(WORK REQUEST):
Every line of the material that holds "MISO" should be counted; give the number and nothing more.
========
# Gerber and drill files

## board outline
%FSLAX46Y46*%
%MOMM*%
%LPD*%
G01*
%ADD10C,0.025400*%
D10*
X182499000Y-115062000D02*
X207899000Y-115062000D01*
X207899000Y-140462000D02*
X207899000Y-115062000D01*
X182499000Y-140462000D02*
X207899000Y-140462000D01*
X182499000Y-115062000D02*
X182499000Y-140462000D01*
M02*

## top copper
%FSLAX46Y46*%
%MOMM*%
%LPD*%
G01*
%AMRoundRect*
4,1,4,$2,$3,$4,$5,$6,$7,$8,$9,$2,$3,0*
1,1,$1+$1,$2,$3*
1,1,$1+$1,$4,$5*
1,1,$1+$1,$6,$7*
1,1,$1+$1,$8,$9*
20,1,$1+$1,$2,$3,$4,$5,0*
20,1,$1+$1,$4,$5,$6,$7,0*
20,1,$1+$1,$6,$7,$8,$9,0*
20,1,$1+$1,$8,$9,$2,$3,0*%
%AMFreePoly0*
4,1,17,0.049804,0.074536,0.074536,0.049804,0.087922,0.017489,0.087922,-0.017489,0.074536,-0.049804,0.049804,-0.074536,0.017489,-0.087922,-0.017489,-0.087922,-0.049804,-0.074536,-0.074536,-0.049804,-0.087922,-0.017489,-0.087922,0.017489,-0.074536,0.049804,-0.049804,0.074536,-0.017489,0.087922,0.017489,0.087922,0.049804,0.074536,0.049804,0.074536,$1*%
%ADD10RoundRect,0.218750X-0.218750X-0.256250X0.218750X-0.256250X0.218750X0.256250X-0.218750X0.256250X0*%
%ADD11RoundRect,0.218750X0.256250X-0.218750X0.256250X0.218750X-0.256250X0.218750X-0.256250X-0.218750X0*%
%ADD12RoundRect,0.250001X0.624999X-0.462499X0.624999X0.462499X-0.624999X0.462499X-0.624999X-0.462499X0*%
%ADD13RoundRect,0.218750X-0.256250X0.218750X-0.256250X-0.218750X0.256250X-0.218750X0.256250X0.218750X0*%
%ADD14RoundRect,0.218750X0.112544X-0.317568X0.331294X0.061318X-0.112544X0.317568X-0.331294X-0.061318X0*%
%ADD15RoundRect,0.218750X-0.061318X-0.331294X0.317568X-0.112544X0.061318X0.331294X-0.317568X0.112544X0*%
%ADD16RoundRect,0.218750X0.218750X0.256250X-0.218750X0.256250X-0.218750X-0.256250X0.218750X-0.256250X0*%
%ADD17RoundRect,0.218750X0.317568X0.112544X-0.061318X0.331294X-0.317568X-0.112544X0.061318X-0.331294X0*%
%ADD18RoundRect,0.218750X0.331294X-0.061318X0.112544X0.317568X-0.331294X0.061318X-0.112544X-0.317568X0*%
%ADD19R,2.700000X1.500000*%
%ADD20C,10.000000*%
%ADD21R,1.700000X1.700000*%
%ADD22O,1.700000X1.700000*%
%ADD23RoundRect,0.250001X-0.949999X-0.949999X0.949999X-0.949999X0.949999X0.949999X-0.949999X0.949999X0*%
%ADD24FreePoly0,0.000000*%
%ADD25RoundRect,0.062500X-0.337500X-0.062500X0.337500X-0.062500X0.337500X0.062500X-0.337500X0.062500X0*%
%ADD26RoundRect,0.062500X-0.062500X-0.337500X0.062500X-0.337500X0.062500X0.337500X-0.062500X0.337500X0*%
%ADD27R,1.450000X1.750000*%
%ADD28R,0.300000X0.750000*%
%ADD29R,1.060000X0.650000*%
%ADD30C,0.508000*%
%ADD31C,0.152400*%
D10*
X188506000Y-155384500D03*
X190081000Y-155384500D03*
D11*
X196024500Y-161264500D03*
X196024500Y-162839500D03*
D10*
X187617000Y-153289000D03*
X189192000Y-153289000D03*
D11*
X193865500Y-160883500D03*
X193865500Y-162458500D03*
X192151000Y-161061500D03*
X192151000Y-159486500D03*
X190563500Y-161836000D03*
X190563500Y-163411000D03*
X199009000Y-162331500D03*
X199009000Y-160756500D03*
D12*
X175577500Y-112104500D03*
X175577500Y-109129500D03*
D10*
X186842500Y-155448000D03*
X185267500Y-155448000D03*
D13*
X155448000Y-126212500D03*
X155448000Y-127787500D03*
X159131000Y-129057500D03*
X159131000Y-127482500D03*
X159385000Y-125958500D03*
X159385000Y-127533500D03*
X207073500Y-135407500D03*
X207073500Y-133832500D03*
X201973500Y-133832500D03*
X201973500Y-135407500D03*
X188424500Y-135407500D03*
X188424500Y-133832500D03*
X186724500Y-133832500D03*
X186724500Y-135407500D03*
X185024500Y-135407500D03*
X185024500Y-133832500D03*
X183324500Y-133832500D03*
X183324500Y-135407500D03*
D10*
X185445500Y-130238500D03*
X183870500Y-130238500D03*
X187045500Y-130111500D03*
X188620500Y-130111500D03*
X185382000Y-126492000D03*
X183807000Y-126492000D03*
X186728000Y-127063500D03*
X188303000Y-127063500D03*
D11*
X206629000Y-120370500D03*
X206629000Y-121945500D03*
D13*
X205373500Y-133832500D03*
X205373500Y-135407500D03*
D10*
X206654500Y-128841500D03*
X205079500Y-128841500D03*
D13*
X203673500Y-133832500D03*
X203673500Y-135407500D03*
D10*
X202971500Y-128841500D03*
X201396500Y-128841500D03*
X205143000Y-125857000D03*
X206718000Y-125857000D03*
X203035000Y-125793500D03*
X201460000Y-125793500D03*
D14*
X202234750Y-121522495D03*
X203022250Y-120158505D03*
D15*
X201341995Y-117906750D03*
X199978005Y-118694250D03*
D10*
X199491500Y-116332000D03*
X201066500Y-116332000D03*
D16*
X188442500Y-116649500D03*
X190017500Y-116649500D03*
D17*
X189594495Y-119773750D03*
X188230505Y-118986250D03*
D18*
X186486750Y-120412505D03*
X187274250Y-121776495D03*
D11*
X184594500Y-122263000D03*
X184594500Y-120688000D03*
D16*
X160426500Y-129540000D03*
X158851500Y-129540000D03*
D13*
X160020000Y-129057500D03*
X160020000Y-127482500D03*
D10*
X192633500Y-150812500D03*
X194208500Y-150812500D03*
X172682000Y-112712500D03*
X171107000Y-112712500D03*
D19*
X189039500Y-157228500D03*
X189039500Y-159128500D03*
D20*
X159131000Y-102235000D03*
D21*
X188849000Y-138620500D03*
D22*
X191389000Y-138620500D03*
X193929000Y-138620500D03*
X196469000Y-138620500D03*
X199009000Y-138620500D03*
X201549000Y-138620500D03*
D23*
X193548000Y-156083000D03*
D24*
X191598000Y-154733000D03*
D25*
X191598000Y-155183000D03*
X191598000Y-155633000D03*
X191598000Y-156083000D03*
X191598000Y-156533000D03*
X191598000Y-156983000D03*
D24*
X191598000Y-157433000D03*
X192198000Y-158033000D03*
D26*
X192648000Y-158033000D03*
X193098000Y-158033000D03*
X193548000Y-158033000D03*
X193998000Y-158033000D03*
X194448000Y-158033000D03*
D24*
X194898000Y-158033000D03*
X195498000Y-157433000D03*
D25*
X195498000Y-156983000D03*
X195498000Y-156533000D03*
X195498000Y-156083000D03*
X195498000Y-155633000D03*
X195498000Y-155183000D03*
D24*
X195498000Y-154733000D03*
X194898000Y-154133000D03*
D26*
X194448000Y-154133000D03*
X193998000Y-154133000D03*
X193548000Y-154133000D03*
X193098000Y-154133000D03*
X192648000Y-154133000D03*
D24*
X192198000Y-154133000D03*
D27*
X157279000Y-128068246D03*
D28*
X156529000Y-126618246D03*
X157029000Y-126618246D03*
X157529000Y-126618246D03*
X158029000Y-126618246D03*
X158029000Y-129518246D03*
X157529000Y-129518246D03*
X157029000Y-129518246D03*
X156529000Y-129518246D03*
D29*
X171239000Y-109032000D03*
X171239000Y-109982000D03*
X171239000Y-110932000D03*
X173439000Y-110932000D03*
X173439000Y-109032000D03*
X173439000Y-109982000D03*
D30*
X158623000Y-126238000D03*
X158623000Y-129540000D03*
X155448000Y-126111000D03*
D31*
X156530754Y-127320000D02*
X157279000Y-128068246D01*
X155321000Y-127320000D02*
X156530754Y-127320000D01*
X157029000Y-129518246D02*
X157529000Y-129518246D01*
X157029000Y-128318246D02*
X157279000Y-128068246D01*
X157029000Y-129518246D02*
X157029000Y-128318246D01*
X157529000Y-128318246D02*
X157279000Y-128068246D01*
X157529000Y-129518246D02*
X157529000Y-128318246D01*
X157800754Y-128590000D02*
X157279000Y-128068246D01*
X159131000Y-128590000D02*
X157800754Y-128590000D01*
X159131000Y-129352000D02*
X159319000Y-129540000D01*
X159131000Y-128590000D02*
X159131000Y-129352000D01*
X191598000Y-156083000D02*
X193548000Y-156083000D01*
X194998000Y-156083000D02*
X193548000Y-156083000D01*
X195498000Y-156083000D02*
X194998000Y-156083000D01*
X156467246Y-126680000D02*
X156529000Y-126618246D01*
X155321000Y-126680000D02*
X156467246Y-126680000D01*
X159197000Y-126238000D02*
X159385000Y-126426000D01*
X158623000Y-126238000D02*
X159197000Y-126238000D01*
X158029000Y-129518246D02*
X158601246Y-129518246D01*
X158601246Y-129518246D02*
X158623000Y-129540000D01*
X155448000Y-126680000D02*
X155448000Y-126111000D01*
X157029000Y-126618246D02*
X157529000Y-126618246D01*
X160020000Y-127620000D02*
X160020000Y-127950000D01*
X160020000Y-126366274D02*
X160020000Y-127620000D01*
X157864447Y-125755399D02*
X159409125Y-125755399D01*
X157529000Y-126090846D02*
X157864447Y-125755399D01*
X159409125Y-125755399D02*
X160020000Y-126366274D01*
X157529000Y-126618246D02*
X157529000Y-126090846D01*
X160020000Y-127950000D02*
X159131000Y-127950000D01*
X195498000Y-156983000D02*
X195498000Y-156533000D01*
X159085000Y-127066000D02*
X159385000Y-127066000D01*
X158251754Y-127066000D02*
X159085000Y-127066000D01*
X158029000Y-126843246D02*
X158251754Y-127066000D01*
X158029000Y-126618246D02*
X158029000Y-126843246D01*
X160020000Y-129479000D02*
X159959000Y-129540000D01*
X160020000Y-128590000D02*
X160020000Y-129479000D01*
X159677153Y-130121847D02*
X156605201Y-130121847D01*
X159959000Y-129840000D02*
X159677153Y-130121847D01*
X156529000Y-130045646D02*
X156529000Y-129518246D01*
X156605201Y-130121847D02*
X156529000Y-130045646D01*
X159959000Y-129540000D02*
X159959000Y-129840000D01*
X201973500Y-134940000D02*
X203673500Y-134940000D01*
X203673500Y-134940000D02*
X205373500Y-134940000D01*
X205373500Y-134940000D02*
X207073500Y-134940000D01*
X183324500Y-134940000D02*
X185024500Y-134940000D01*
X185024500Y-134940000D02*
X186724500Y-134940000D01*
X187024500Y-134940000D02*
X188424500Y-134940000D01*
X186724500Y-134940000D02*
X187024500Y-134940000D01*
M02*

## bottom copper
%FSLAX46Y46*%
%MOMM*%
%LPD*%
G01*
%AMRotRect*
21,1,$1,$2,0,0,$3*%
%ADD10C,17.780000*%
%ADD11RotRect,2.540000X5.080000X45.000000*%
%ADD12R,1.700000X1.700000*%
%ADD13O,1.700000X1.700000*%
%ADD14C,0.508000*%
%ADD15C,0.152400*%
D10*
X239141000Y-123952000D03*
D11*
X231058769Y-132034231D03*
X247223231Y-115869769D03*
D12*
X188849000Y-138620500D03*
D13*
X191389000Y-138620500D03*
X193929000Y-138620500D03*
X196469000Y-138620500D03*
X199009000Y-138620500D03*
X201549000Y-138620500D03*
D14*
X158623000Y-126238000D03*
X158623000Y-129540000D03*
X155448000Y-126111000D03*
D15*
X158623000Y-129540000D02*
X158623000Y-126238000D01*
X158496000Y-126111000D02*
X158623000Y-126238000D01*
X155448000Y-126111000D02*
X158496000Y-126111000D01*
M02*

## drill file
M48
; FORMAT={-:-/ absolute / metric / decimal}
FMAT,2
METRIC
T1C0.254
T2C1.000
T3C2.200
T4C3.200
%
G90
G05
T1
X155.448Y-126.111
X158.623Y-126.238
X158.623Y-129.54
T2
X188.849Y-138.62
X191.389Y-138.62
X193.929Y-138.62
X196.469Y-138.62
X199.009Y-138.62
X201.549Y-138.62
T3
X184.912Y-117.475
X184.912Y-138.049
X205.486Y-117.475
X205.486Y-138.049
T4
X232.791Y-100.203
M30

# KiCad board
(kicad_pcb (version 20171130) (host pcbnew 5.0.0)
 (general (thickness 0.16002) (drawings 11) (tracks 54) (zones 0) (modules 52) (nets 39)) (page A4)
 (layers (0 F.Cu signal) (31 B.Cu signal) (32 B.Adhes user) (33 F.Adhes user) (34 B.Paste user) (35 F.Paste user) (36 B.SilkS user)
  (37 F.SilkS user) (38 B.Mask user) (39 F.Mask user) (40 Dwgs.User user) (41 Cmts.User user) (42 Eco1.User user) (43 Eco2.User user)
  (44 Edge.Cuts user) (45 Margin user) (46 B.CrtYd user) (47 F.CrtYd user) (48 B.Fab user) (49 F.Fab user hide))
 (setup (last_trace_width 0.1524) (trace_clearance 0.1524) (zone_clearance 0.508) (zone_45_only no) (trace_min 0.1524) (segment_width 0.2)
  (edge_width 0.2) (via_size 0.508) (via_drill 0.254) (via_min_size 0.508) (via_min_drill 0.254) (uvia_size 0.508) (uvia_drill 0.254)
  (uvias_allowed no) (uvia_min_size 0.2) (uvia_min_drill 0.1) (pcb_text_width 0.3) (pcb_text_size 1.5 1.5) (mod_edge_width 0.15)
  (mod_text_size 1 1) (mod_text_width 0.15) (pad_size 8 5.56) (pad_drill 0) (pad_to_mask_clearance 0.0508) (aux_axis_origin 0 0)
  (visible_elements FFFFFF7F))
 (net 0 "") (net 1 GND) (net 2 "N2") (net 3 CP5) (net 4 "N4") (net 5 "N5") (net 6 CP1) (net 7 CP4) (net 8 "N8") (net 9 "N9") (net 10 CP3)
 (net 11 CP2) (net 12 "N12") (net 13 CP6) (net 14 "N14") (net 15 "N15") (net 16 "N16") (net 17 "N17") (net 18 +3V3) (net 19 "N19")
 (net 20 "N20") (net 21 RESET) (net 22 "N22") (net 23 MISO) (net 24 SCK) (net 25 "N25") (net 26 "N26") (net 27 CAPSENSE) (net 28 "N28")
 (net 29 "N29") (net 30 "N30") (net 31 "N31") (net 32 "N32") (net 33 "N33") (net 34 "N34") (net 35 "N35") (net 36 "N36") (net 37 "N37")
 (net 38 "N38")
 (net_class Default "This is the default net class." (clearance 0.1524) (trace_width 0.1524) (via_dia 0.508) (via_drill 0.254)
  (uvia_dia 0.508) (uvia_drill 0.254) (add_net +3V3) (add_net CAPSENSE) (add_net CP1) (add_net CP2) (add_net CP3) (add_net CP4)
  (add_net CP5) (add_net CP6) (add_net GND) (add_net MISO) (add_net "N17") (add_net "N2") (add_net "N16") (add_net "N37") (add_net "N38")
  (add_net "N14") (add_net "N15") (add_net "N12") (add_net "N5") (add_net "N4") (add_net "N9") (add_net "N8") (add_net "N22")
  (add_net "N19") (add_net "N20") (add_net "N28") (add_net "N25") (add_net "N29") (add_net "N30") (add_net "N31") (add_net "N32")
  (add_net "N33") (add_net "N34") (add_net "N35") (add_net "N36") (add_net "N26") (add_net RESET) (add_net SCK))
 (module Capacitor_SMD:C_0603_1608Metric (layer F.Cu) (at 189.2935 155.3845)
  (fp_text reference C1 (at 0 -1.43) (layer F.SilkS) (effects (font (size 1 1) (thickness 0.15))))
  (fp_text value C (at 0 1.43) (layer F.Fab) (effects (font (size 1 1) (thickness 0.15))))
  (pad 1 smd roundrect (at -0.7875 0) (size 0.875 0.95) (layers F.Cu F.Paste F.Mask) (roundrect_rratio 0.25) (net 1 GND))
  (pad 2 smd roundrect (at 0.7875 0) (size 0.875 0.95) (layers F.Cu F.Paste F.Mask) (roundrect_rratio 0.25) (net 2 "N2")))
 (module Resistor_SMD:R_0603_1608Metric (layer F.Cu) (at 196.0245 162.052 90)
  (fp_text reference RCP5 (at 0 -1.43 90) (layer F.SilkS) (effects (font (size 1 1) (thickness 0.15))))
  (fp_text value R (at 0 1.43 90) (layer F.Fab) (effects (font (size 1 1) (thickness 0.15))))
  (pad 2 smd roundrect (at 0.7875 0 90) (size 0.875 0.95) (layers F.Cu F.Paste F.Mask) (roundrect_rratio 0.25) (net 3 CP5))
  (pad 1 smd roundrect (at -0.7875 0 90) (size 0.875 0.95) (layers F.Cu F.Paste F.Mask) (roundrect_rratio 0.25) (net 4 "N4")))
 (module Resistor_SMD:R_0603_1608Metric (layer F.Cu) (at 188.4045 153.289)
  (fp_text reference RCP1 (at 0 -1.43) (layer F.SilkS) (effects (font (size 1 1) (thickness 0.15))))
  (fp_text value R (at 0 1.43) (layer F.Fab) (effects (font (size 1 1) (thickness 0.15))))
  (pad 1 smd roundrect (at -0.7875 0) (size 0.875 0.95) (layers F.Cu F.Paste F.Mask) (roundrect_rratio 0.25) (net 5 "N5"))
========
(FINAL ANSWER):
2